Diversity and Integration – Open Source Code

We are pleased to announce that we have released the code used to produce the data and visualizations behind I Want to Visit Ligonier, Indiana and Diversity and Integration in America: An Interactive Visualization. This code was built on top of the open source packages divintseg and censusdis, which we first released in September of 2022 and have updated regularly since.

The code is in two packages. The first, dis-datagen generates the data behind the interactive map and builds the web site around the map. The second, islands-of-diversity, contains a notebook that was used to generate the smaller more-focused maps of various towns and census tracts that appear in I Want to Visit Ligonier, Indiana.

dis-datagen

Although one of the fundamental features of the map dis-datagen produces is that it is interactive, the site that hosts it is actually static. By static, I mean that no code running on the server side to render it in the browser. Every request the browser makes is an ordinary HTTP GET. Once the site has been built, it can be uploaded to a cloud storage bucket or any other storage that can be accessed via HTTP. Everything on the server side is a static file, such as HTML, CSS, Javascript, or map tiles that represent different areas of the country at different zoom levels.

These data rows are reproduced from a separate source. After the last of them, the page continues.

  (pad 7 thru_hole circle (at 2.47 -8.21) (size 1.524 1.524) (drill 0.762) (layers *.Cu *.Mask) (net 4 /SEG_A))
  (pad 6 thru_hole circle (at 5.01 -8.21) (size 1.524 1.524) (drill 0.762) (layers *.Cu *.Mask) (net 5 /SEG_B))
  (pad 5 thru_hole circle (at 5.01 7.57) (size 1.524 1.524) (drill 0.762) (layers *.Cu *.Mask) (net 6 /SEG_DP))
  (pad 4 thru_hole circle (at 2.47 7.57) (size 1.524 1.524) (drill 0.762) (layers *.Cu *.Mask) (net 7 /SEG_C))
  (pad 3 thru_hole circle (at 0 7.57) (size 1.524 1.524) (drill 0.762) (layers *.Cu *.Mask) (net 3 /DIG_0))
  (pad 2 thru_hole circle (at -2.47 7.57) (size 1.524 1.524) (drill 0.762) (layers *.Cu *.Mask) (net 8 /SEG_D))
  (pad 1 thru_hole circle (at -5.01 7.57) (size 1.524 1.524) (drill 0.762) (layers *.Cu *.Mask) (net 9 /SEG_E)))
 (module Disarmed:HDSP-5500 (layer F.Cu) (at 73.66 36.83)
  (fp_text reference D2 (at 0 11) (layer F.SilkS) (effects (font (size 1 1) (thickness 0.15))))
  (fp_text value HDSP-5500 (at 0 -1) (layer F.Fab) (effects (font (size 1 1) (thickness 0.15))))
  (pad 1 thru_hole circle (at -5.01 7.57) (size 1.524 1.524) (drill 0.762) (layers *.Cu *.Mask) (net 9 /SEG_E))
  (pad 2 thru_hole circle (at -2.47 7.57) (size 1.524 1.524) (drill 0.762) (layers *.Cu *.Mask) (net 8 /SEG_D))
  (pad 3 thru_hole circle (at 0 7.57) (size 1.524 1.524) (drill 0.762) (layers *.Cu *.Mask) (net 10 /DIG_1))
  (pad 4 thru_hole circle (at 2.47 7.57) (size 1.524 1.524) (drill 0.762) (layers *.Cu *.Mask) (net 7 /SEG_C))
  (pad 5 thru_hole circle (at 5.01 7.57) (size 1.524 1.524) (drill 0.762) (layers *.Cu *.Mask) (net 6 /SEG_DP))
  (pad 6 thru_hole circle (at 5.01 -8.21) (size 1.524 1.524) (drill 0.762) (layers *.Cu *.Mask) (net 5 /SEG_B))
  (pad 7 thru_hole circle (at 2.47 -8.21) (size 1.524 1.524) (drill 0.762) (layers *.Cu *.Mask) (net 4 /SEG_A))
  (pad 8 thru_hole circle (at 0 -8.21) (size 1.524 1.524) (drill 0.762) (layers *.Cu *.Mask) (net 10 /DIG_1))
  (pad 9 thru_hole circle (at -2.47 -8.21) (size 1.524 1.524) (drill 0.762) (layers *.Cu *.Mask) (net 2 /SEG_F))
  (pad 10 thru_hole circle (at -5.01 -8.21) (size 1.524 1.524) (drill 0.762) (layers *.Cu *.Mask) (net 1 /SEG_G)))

Some of the map tiles are raster images. These are used at low zoom levels when the map is showing all or nearly all of the country. Others are vector tiles. These represent the boundaries or locations of different features, like states, cities, and census tracts. These are served to the browser, where Javascript renders them for viewing. The tiles are stored in the PMTiles format, which was specifically designed to handle this approach to map rendering. The rendering itself is coordinated by the open source package Leaflet.

dis-datagen builds the site using a GNU Makefile. GNU Make1 has been around since 1988. Despite its age, it remains a useful tool to managing a build process where each artifact depends on one or more others and can be built from them using one or more shell commands.

Without going into all the gory details, the main steps the Makefile orchestrates are:

  1. Download raw census data for census tracts and blocks from the U.S. Census API. Because of the large volume of data, and the fact that the process is not 100% reliable, this is done state-by-state. I often run this part of the process using make’s built-in parallelization support using the -j flag.
  2. Compute diversity and integration at the census tract level and write the results to a geojson file for each state.
  3. Generate raster tiles by clipping vector features and rendering them in the tile area, then saving the results to a series of PNG files.
  4. Generate vector tiles in PMTiles format by reading the geojson files.
  5. Copy the HTML, CSS, and JS files that make up the site to a distribution folder.

Once all of this is done the site simply has to be uploaded to the cloud storage bucket or other web server that will serve it. The whole process takes me about an hour end-to-end on an M1 Pro MacBook Pro, though this varies a lot with the speed of the internet connection I am on.

islands-of-diversity

The islands-of-diversity project loads the data generated by dis-datagen from the web site where it was published (see Diversity and Integration Data). It also uses ARNOLD highway map data and some U.S. Census data downloaded with censusdis.

The project consists of two notebooks. The first, Islands of Diversity.ipynb, loads the dis-datagen data for the eighty thousand plus census tracts in the United States and then compute the diversity of the neighborhood around each of them as explained in I Want to Visit Ligonier, Indiana. It then sorts the islands of diversity (isolated areas of diversity surrounded by non-diverse areas) and identifies various relevant facts like where the top 100 islands are and groups them by state for further analysis.

The second notebook, Ligonier.ipynb, focuses on producing the specific maps used in I Want to Visit Ligonier, Indiana to illustrate the various points it makes about the location and nature of islands of diversity.

Feedback

We have made these projects open-source so that others can read them, reproduce the results, identify any bugs they might encounter, and possibly replicate our approaches in their own research. If you have any feedback, please feel free to submit an issue in either project, or contact us by email at info at datapinions dot com.

Footnotes

  1. We acknowledge that the primary author of GNU Make has been credibly accused of a variety of inappropriate behavior and that a number of organizations have severed financial ties with the Free Software Foundation as a result. We wish there was a viable cross-platform alternative to GNU Make, and if we find one we will attempt to switch to it.